DESCRIPTION OF THE TASK >>
Please copy every line of the records below that holds the word "font".

(Dataset entries)
________________________________________

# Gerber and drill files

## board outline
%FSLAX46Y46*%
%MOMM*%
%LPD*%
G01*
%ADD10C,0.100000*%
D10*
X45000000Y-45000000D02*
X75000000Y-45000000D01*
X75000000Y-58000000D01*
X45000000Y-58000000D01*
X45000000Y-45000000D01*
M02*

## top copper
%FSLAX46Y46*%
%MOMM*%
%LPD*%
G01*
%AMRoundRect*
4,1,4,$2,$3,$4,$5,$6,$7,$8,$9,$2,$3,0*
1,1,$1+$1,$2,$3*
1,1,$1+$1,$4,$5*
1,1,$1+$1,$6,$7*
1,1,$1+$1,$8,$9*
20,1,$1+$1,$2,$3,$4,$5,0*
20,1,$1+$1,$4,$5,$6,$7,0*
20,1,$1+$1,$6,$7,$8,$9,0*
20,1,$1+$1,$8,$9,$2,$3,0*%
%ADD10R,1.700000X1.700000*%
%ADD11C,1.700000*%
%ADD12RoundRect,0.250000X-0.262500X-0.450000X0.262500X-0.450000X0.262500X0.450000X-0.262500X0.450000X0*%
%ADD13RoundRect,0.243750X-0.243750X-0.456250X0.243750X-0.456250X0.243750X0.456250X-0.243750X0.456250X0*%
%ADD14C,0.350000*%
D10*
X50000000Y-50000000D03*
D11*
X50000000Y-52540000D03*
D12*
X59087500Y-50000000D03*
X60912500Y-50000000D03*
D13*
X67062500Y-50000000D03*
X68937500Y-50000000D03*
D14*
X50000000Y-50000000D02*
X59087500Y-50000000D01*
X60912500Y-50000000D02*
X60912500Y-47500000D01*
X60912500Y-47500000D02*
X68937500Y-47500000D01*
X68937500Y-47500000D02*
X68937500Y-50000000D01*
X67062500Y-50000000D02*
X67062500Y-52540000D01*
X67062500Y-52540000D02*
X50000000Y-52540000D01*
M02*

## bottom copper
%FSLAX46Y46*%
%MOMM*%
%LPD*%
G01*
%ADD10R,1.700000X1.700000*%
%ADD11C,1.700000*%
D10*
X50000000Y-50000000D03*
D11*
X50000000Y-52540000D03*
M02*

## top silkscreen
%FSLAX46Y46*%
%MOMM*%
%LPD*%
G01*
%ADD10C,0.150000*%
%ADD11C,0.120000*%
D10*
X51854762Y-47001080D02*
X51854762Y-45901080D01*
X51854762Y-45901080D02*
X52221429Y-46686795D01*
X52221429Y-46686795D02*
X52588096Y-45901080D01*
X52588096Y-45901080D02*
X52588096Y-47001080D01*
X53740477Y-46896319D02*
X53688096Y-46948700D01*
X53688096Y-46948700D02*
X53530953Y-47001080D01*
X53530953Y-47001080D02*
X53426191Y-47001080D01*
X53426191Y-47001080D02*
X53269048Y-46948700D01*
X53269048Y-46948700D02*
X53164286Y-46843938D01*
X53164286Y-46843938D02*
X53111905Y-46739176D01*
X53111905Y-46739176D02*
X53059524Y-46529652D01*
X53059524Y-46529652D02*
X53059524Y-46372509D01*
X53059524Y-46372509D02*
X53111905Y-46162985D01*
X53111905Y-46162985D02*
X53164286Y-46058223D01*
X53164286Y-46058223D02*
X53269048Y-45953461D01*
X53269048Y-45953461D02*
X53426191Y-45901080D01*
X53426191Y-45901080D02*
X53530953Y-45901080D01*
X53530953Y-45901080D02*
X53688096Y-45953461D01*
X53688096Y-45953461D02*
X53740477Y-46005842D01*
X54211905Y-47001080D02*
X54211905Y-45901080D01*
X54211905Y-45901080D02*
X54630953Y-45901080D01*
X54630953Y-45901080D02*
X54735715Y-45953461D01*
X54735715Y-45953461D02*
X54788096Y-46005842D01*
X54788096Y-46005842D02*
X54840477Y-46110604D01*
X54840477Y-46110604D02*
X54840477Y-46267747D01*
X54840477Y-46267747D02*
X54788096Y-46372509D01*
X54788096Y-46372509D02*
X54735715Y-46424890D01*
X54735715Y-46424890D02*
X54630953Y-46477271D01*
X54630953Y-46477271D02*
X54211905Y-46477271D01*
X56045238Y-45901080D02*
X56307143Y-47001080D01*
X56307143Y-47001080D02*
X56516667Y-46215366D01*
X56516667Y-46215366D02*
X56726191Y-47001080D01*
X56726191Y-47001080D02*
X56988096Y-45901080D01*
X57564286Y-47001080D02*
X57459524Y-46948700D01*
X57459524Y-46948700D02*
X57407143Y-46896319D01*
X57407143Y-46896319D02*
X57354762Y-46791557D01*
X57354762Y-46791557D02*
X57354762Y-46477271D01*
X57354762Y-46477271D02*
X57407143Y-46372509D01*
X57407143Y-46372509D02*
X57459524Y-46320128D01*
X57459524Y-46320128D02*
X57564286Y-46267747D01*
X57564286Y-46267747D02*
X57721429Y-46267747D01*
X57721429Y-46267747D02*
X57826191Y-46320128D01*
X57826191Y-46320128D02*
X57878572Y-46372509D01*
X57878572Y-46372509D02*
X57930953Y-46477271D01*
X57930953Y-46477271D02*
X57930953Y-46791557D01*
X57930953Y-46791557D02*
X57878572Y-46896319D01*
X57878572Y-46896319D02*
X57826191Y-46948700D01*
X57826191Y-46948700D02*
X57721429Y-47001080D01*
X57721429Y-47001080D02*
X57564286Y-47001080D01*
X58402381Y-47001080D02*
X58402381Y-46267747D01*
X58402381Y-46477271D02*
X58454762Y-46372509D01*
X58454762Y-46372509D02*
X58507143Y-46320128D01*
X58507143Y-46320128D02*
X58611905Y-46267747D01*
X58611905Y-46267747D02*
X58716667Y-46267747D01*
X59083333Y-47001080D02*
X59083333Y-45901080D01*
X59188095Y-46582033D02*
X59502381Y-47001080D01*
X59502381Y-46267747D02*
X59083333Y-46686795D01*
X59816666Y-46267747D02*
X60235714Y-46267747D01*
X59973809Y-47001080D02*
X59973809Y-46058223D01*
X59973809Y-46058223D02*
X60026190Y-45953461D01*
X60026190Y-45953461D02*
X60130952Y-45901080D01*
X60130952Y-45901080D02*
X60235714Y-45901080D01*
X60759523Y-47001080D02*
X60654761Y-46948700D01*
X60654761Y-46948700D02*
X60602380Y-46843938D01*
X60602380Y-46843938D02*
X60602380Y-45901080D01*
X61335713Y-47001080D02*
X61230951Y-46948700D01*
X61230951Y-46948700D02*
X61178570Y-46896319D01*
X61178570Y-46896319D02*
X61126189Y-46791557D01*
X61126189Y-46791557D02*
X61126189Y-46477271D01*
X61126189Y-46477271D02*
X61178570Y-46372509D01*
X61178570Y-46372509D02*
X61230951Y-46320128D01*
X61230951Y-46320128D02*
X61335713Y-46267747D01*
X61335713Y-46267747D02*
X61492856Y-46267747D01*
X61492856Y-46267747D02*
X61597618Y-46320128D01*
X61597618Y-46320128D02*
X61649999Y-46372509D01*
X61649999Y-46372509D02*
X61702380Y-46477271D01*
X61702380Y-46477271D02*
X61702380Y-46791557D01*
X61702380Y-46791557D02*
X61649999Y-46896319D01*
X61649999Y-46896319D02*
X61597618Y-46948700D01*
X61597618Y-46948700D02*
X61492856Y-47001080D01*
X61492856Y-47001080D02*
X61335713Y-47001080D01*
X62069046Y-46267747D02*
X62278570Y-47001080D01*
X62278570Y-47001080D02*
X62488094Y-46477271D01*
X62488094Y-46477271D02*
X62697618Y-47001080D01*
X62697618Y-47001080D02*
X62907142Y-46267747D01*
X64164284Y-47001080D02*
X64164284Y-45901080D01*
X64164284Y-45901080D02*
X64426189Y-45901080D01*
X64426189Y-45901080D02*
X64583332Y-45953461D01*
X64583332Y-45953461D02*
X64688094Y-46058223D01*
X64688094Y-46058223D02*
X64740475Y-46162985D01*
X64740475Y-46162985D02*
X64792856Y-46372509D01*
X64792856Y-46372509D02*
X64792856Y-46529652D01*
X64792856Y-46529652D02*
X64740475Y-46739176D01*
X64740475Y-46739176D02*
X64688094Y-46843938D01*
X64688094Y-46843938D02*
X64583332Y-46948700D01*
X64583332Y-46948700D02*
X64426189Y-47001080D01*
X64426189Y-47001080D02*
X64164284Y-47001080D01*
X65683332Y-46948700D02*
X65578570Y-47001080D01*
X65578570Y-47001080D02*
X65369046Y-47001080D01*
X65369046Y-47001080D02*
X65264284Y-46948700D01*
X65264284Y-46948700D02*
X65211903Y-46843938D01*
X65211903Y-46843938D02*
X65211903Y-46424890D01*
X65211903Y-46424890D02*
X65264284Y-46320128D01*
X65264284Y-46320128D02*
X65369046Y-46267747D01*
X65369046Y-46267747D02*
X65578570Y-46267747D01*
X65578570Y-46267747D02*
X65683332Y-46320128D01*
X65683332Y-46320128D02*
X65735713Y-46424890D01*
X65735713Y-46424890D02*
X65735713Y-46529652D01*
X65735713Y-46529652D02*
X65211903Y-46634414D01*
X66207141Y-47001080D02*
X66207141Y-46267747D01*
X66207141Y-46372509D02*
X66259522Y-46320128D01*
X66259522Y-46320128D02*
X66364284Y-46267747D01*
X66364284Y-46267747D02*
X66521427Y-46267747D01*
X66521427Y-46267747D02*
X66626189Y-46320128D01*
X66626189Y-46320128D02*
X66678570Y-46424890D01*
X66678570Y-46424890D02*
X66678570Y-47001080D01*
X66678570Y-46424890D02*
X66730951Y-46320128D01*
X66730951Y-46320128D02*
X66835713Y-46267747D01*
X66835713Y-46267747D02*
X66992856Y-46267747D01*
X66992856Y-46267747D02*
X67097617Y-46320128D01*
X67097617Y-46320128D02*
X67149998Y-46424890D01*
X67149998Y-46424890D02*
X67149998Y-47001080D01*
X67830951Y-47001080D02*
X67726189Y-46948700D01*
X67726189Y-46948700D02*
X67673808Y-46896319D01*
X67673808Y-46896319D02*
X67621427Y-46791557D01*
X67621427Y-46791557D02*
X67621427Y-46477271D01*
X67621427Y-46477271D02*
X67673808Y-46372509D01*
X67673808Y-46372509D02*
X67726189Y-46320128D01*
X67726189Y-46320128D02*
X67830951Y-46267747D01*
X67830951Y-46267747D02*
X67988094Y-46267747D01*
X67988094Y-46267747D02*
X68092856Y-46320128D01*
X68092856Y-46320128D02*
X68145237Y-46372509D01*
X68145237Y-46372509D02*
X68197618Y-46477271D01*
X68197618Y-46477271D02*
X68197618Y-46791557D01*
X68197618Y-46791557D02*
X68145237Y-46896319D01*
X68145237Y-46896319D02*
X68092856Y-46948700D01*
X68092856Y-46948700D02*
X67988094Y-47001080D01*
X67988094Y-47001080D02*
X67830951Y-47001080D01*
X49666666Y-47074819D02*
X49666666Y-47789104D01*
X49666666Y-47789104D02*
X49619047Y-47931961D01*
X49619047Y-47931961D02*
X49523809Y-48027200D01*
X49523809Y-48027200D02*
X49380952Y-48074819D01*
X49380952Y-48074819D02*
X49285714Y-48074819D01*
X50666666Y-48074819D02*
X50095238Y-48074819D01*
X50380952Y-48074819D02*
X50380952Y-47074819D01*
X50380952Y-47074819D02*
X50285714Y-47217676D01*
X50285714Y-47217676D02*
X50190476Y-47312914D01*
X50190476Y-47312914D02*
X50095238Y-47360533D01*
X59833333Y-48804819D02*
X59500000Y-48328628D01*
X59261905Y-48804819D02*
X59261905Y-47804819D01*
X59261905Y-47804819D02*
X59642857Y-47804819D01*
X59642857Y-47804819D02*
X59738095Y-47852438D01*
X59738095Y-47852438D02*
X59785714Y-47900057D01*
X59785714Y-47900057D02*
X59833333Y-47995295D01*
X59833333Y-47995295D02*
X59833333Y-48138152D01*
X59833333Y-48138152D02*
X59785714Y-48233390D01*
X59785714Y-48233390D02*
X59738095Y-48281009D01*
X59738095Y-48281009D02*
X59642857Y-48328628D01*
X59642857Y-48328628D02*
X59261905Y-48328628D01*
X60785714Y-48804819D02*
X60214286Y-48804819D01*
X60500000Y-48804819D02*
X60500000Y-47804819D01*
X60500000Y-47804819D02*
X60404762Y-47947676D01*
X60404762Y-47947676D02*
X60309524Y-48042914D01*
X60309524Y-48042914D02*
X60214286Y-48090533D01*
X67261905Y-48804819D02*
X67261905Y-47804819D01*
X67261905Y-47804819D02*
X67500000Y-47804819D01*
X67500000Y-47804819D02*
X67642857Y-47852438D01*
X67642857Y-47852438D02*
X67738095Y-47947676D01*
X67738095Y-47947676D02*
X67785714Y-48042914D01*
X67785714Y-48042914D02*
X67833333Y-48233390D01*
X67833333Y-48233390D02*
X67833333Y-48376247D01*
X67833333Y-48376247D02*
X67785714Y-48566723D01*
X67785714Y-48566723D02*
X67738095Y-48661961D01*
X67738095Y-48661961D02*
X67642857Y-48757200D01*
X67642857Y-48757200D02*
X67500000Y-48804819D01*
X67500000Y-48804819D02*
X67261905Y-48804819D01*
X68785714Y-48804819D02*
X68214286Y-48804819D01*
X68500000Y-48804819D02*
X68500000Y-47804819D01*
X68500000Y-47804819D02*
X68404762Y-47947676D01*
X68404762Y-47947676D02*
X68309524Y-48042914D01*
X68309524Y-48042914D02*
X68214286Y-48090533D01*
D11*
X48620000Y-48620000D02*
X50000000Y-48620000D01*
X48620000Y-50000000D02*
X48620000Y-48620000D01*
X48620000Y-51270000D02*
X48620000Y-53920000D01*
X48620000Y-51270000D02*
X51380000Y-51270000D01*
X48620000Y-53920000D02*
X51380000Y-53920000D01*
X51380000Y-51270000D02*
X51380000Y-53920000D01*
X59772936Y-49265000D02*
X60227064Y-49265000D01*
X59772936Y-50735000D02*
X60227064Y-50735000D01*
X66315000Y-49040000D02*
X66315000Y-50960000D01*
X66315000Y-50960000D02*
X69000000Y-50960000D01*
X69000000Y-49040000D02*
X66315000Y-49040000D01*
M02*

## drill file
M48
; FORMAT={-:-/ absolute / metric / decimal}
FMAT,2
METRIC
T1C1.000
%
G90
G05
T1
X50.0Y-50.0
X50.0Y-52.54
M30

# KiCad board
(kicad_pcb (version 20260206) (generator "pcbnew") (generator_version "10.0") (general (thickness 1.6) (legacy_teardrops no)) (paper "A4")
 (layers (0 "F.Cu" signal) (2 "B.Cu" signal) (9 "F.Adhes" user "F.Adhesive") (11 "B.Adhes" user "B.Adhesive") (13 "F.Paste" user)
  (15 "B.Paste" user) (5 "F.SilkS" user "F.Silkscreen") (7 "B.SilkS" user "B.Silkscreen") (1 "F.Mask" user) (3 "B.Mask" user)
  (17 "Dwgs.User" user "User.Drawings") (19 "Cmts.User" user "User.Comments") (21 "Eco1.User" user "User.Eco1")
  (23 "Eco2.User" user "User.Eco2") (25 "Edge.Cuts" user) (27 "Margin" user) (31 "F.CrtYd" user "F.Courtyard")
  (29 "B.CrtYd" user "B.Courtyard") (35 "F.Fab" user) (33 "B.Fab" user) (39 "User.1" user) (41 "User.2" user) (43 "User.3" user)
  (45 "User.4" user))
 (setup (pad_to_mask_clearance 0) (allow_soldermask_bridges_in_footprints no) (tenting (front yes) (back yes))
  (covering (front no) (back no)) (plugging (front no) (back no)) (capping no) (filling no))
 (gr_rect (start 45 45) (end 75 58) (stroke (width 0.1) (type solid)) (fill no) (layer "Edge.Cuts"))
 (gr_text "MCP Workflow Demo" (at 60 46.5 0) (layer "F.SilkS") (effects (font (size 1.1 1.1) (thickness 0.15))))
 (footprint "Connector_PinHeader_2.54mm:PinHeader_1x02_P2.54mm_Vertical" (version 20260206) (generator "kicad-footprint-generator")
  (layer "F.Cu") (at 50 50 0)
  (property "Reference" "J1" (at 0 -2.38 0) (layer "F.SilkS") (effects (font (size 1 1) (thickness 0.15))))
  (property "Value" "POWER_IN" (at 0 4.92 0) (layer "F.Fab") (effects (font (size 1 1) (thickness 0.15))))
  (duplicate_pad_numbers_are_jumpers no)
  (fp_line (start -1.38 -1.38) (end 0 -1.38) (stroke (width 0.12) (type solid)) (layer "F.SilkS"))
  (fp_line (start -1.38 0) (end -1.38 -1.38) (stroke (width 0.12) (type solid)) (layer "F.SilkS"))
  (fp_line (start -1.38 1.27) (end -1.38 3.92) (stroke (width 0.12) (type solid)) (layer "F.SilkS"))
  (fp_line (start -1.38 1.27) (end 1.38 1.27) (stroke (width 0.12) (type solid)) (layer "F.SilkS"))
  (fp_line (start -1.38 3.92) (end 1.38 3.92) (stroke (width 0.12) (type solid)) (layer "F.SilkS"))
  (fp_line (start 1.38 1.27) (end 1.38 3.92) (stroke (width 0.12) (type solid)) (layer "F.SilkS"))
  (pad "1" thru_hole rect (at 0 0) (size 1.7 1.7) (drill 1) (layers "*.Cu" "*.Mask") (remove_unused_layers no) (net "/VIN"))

________________________________________

RESULT FOR THIS EXERCISE >>
 (gr_text "MCP Workflow Demo" (at 60 46.5 0) (layer "F.SilkS") (effects (font (size 1.1 1.1) (thickness 0.15))))
  (property "Reference" "J1" (at 0 -2.38 0) (layer "F.SilkS") (effects (font (size 1 1) (thickness 0.15))))
  (property "Value" "POWER_IN" (at 0 4.92 0) (layer "F.Fab") (effects (font (size 1 1) (thickness 0.15))))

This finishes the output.